Originally, Henriksen explained, the group wanted to focus on religious ideology and differences. Many speakers had a predominantly Calvinist upbringing but later were influenced by Argentine Catholicism.
However, Henriksen said as the team has been looking over data thus far, they have noticed issues related to race, ethnicity and indigeneity becoming more prominent.
“The interplay between European cultures, Afrikaan cultures and South American indigenous cultures is something that we as linguists were not prepared to talk about,” he said. “As we’ve been analyzing the data over the past six weeks, we’ve realized our cultural studies collaborators have given us a framework from which to understand how race and ethnicity is viewed in this community.”
The project itself consists of 17 researchers — six faculty members, two graduate students and nine undergraduates or recent graduates.
Henriksen said peer mentoring has contribtued greatly to the project, as it consists of students from different skill levels.
“We have a nice protocol where we have mentoring that goes on,” he said. “The graduate students mentor advanced undergraduate students. We have undergradates who are seniors, for example, and then they also mentor more novice undergraduates…The idea is that the faculty are not just sharing ideas amongst themselves, they’re also sharing research protocols and valuable research skills with the whole array of students.”
LSA alum Libby Garno is among the student researchers. She works on phonetic analysis for glides in Afrikaans data and oversees fluency analysis for the Spanish data.
In a message to the Daily, Garno echoed Henriksen’s statement about the importance of peer mentoring on the project, explaining she learned a lot from more advanced researchers.
“I’ve learned a lot about the statistical process that accompanies the actual data analysis,” she wrote. “It is beneficial to us students/former students to have those experienced in research guiding us through the process and teaching as they go, instead of passing the work off to someone else.

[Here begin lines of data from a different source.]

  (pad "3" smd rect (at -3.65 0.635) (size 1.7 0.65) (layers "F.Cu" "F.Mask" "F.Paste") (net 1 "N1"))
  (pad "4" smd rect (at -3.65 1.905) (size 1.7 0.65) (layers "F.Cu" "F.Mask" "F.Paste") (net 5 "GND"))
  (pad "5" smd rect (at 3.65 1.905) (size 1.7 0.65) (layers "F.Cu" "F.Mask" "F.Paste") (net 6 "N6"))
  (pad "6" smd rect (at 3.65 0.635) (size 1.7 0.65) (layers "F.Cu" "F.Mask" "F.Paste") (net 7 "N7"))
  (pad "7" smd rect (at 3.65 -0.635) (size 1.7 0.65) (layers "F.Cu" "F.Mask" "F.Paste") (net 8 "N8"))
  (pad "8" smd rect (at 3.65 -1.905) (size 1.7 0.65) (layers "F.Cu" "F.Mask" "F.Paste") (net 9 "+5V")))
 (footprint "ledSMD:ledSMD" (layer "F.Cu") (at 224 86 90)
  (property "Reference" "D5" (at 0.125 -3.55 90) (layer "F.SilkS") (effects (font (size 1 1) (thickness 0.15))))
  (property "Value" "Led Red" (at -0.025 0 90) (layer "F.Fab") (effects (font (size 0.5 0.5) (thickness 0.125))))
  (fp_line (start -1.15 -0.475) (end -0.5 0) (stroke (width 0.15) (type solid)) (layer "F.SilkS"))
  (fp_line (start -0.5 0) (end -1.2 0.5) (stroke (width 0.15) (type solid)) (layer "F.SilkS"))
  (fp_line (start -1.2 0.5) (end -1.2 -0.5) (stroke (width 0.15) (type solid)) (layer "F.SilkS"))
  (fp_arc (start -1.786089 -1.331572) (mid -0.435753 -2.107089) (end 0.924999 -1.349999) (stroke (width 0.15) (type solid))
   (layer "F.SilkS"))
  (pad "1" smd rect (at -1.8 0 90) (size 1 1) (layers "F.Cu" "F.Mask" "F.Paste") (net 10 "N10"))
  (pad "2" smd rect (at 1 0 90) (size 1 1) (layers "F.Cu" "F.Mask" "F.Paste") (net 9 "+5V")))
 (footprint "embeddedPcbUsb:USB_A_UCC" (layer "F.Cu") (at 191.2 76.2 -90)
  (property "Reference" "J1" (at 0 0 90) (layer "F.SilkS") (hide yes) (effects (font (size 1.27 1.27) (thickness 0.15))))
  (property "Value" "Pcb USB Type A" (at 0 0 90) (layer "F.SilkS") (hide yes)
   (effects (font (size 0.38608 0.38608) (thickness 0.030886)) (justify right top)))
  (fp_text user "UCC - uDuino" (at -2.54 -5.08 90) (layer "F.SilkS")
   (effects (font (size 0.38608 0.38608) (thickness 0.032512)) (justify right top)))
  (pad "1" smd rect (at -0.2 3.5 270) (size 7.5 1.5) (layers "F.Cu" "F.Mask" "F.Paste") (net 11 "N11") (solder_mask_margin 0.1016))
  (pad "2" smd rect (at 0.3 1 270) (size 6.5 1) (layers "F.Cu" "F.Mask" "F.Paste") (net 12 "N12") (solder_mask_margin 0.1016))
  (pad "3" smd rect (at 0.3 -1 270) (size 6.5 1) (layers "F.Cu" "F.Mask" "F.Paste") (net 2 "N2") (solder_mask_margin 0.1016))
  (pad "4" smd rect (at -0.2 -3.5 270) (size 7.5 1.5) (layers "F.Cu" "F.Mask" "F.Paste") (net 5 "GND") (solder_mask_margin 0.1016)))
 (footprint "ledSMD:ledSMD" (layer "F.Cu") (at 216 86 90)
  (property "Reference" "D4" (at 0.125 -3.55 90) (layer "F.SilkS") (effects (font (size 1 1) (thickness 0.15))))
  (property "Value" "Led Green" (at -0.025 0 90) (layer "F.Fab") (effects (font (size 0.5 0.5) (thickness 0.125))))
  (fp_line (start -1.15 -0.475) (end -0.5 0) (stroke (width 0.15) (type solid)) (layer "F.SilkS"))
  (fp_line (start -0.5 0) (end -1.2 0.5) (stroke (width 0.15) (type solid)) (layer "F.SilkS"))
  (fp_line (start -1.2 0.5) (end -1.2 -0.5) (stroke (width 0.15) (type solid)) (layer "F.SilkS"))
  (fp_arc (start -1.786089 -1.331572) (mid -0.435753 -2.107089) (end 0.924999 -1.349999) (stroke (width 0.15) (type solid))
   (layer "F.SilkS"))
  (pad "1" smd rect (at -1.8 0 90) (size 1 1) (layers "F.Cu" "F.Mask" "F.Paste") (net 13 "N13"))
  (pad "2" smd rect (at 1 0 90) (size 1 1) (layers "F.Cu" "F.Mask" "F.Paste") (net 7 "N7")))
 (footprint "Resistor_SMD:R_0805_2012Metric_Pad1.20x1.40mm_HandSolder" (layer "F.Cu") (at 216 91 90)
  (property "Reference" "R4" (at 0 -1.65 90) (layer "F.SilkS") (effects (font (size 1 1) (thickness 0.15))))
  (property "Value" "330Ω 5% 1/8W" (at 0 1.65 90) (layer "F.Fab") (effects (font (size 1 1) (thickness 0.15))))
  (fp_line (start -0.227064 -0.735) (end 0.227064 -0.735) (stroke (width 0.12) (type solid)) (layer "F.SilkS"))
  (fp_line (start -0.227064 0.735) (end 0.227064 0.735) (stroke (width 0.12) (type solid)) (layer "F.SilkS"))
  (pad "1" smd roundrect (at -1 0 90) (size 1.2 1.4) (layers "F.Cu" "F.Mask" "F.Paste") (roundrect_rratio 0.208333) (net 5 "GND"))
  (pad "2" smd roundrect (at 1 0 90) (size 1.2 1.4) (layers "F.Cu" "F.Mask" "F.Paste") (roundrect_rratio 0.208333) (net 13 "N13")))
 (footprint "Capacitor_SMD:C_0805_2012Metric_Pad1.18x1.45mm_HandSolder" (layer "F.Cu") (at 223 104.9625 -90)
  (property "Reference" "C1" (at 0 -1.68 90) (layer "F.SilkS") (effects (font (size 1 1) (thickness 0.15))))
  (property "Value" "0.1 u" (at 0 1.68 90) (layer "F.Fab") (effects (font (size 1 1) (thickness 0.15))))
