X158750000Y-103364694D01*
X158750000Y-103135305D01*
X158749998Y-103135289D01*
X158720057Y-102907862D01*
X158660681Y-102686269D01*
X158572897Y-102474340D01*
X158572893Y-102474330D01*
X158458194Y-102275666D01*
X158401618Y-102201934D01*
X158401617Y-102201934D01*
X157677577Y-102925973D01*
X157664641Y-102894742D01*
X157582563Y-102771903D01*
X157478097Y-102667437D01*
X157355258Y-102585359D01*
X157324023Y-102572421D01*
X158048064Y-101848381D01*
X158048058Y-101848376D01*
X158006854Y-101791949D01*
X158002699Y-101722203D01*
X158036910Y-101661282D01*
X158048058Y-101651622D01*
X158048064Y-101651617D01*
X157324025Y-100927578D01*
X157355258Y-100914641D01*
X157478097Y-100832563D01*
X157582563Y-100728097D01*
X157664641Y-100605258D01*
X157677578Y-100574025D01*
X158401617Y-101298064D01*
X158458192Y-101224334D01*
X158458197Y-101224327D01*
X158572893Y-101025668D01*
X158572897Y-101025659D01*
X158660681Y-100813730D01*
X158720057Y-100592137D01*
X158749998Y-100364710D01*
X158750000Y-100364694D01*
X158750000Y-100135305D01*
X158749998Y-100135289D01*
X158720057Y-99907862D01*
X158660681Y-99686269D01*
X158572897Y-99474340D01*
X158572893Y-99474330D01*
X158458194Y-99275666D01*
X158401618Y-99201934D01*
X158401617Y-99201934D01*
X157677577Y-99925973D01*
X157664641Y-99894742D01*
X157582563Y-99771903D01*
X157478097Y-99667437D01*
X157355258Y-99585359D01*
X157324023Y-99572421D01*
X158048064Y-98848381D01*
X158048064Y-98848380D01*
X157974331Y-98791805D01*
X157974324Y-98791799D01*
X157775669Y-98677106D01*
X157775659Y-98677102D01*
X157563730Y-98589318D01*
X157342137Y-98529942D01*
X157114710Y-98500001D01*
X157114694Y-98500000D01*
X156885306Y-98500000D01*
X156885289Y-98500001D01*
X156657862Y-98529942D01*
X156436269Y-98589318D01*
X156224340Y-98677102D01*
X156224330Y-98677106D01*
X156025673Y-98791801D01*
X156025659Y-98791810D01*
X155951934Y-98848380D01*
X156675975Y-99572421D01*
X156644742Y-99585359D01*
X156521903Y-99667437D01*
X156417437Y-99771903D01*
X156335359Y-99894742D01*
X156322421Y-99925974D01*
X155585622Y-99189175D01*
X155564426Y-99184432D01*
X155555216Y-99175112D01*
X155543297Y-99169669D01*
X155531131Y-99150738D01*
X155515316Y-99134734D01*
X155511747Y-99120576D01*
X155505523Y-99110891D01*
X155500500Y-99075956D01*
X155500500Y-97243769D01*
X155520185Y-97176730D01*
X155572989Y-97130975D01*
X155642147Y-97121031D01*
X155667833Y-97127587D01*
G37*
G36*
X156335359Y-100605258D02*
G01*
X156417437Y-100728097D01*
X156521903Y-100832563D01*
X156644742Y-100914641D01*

I also think our team is really well organized and communicates effectively, so I think I will definitely adopt some of those management techniques that I have witnessed them using.”
Furthermore, referencing the topics of race that arose in the data, Garno also noted how interdisciplinary collaboration contributed to the findings.
“We had an instance where the sociocultural analysis of the project was tagging comments of race, and we noticed that their speech was significantly more disfluent around these topics,” she wrote. “I don’t know if we would have noticed that without the collaboration with the other area of the study, and now our research has taken a really interesting turn because of it.”